Sanitation of fig plantlets from the most frequent viruses, FCV and FMMaV by meristem culture is totally dependent on the meristem size from which are issued the vitroplants. In fact, the global sanitation rate of vitroplants issued from 0.5 mm meristems (86.67%) (78/90 plantlets) is significantly higher than that of vitroplants regenerated from 1.5 mm meristem size (60.94%) (39/64 plantlets) (Table 3). For the 4 analyzed varieties, the highest sanitation rates result from 0.5 mm meristem size and the lowest rates are obtained from 1.5 mm meristems. For variety Bither Abiadh (BA) and Zidi (ZDI), we reach high elimination rates of FCV and FMMaV from the meristem size 0.5 mm of 96.43% and 87.5%, respectively. The lowest sanitation rate (50%) is obtained from meristem size 1.5 mm of BA variety. While sanitation rates of SNI, ZDI, and ASF vitroplants from 1.5 mm meristem size are very close and are 61.11%, 62.5%, and 66.7%, respectively.

Discussion

This work shows the accuracy of RT-PCR to detect viruses associated with FMD and the efficacy of in vitro tissue culture to eliminate frequent and severe viruses FCV and FMMaV from four major fig varieties BA, ZDI, SNI and ASF. Surveys carried out in fig germplasm collection of High Agronomic Institute (I.S.A) of Chatt-Mariem show the spread of FMD in almost all the varieties and the majority of the trees. Tunisian fig varieties (Saddoud et al., 2006) and most surveyed trees are virus infected and contain fig mosaic symptoms (Elair et al., 2014). The same findings of existence and dissemination of the disease in Spain, England, Albania, Cyprus, Greece, Turkey, Yemen, Algeria, Morocco, Mexico, Syria, Lebanon, Australia, South Africa, Italy, Japan, America, Saudi Arabia, Iran, Egypt, China and Palestine have been reported (Alhudaib, 2012; Alkowni et al., 2015; Elbeaino et al., 2007, 2009a, 2012). It was confirmed that global FMD attack rates and severities are not stable during the years and vary from the seasons. These variations depend mainly on the atmospheric conditions of the prospection year, the surveyed varieties and the vigorous state of the trees (Bayoudh et al., 2014).

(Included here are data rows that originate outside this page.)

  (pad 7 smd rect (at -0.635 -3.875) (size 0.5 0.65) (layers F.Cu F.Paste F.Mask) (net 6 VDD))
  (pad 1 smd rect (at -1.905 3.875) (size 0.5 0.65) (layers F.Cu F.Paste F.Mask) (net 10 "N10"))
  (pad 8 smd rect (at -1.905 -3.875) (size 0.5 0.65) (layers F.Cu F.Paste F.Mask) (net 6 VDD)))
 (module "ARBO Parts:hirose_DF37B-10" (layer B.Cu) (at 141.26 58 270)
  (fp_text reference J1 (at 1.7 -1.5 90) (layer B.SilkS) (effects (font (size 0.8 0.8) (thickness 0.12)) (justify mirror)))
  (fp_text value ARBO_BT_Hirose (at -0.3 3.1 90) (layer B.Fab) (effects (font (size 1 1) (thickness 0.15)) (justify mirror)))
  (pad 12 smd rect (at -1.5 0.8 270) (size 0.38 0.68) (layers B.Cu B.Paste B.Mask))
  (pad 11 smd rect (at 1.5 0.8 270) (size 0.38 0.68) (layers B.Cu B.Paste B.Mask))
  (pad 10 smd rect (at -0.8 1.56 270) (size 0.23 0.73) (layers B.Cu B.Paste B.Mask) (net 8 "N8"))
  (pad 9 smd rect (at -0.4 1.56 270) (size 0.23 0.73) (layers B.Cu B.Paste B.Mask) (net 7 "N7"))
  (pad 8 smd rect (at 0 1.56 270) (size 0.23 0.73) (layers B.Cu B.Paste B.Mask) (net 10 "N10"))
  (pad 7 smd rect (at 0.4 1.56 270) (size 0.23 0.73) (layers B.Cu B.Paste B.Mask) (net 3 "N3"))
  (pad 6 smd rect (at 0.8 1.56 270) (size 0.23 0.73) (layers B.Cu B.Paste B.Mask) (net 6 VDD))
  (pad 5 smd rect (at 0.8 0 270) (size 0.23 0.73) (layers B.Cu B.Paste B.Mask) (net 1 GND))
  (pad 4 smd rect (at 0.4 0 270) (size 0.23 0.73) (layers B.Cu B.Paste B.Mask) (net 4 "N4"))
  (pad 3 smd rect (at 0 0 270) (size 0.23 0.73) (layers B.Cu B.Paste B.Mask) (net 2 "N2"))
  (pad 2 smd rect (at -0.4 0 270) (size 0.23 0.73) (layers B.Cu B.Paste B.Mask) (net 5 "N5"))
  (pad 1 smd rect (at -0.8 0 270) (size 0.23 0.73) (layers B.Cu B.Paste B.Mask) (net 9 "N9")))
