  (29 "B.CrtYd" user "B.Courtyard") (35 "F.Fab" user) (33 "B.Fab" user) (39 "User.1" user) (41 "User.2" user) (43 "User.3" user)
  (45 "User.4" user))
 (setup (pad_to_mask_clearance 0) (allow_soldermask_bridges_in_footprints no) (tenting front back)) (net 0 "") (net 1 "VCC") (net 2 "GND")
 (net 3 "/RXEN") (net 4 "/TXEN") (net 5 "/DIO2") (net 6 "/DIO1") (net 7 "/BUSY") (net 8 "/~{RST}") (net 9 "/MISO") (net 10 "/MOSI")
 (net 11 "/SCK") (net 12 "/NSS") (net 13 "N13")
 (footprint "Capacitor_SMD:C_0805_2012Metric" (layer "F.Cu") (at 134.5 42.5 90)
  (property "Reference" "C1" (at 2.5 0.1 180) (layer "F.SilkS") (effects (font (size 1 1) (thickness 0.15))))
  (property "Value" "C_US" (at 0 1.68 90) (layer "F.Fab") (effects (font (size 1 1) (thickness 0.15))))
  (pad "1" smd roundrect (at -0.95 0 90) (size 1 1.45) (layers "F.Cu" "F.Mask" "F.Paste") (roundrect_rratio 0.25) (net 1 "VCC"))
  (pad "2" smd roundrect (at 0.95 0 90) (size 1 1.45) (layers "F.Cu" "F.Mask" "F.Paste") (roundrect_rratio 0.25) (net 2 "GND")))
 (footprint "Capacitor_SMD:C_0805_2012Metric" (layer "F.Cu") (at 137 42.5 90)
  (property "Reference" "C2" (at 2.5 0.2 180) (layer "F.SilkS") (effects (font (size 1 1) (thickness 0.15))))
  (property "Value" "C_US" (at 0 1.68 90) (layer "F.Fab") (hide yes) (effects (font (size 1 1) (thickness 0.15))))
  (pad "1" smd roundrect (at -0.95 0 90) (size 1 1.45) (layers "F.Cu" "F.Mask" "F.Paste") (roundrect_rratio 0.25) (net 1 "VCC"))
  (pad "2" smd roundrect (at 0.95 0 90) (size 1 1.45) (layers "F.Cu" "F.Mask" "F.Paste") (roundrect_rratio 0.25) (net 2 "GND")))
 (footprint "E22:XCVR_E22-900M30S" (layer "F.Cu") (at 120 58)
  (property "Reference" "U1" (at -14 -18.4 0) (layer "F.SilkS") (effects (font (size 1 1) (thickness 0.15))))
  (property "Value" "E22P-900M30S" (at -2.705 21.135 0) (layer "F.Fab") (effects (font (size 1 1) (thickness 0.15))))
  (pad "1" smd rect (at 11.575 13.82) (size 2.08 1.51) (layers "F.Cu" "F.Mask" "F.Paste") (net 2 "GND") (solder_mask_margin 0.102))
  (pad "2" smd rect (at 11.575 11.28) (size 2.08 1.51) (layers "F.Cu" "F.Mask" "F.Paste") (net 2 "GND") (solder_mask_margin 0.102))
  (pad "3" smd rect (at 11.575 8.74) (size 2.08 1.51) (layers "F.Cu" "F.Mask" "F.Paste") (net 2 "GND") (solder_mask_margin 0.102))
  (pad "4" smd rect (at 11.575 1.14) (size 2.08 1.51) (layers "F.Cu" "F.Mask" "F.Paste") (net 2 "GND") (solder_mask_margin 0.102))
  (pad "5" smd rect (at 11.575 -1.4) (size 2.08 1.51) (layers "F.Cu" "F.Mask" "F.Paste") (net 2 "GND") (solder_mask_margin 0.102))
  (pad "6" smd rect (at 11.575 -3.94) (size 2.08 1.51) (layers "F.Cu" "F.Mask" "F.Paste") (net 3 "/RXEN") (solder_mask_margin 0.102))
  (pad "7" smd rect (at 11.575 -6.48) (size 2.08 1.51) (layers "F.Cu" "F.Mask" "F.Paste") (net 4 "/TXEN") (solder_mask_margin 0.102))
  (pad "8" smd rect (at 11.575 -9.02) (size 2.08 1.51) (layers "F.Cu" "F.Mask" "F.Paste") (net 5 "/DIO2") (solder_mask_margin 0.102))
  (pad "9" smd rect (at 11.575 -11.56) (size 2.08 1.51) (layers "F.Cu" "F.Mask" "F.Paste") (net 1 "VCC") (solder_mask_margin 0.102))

The high FMD severities of fig trees in surveyed fields prompted the need to gather information on the viruses infecting symptomatic trees in the main fig-growing areas. For this aim, we seek for the presence of seven fig infecting viruses (Table 1), by RT-PCR, in a fig germplasm collection containing varieties from main Tunisian production regions. All analyzed samples are free from FLV-1, FLMaV-1, and FLMaV-2. Similar findings are reported by Nahdi and Aljane (2014) for the non detection of FLV-1 and FLMaV-2 in fig orchards in the south region of Tunisia. In other analyze reports; FLV-1 (Elair et al., 2015), FLMaV-1 (Nahdi et al., 2006), and FLMaV-2 (Elbeaino et al., 2009b) were detected in respectively 32.4%, 28.8%, and 5.7% of Tunisian fig samples. These 3 viruses are also infecting fig orchards of many other countries (Danesh-Amuz et al., 2013; Elbeaino et al., 2009b, 2012).

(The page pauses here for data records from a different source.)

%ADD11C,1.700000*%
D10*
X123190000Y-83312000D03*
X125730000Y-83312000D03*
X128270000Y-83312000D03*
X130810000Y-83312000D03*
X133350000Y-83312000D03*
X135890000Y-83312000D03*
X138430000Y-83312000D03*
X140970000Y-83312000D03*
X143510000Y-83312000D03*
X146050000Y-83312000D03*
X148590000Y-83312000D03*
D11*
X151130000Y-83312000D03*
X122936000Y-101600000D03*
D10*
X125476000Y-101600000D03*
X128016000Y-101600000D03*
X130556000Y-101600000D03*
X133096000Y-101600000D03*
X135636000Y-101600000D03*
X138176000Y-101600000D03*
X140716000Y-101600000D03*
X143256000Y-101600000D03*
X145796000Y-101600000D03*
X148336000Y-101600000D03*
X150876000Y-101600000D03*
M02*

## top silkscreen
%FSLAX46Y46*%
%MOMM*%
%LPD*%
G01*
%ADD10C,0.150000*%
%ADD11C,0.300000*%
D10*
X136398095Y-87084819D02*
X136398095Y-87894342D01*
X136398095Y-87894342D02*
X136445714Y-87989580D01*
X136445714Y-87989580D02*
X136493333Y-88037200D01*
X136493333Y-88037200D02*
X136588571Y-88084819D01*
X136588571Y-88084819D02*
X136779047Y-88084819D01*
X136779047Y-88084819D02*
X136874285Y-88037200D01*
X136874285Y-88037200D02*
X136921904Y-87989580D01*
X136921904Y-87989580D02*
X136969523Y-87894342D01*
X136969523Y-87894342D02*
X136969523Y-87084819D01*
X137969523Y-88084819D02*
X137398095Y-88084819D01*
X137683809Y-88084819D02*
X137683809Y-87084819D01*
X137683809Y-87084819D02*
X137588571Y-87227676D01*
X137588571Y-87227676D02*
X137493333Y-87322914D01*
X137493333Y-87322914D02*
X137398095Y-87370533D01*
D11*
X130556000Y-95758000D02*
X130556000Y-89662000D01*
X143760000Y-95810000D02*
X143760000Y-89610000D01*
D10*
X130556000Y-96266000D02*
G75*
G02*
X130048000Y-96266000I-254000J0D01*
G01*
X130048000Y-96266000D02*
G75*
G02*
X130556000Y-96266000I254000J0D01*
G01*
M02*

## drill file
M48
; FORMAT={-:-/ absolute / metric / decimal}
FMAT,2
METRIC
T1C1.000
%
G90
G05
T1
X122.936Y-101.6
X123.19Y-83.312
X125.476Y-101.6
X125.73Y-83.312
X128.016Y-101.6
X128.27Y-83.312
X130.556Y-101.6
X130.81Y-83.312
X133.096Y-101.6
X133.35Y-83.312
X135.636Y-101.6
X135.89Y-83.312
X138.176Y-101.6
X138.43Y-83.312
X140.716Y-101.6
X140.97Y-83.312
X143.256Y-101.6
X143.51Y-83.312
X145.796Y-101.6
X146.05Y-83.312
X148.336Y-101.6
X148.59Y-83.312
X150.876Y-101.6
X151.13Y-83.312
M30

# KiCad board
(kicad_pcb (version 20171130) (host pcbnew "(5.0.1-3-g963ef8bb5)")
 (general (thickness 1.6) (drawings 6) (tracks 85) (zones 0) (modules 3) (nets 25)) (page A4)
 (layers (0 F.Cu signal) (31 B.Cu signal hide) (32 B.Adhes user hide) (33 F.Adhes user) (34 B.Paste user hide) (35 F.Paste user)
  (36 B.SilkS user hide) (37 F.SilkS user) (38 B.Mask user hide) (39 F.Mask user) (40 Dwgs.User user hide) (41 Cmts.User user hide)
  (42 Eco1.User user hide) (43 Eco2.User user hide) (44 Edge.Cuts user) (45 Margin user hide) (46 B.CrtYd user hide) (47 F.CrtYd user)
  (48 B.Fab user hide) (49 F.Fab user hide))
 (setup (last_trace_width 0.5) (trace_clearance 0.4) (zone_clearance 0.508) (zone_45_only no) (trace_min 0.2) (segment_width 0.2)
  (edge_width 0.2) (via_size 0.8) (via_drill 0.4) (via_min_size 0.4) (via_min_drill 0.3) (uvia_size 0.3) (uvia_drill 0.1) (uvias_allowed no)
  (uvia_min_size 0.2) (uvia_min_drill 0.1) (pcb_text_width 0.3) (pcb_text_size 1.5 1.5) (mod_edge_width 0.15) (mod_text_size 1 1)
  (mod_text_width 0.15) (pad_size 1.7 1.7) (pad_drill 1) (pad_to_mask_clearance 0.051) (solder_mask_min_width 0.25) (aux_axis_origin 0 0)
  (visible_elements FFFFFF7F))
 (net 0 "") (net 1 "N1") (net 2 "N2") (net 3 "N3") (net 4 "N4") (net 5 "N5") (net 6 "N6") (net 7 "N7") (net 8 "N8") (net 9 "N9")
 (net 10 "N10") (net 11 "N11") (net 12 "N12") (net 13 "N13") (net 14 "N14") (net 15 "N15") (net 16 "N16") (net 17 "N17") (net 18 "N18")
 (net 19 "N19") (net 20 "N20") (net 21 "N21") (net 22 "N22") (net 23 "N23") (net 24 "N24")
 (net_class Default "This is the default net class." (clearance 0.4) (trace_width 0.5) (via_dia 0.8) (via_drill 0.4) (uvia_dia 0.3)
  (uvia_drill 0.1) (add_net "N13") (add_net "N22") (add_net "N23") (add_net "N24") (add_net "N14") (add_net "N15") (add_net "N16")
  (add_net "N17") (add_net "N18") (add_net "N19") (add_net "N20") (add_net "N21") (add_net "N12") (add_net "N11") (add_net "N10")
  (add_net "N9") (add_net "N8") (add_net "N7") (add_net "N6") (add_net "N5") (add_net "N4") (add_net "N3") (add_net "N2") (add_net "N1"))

The RT-PCR technique was very efficient to detect 4 viruses infecting fig samples of the germplasm collection (Fig. 2): FFkaV (3.45%), FMMaV (17.25%), FMV (20.7%), and FCV (55.17%). In this context, same viruses were detected, by RT-PCR, in some other fig Tunisian fields and other Mediterranean countries by many authors. Elbeaino et al. (2011a, 2011b) reported the presence of FFkaV (22.5%) and FCV (17.5%) in samples of Tunisian fig orchards, where it does not seem to induce a visible disease. FMV and FMMaV were recently detected by Elair et al. (2013, 2015) in many Tunisian regions.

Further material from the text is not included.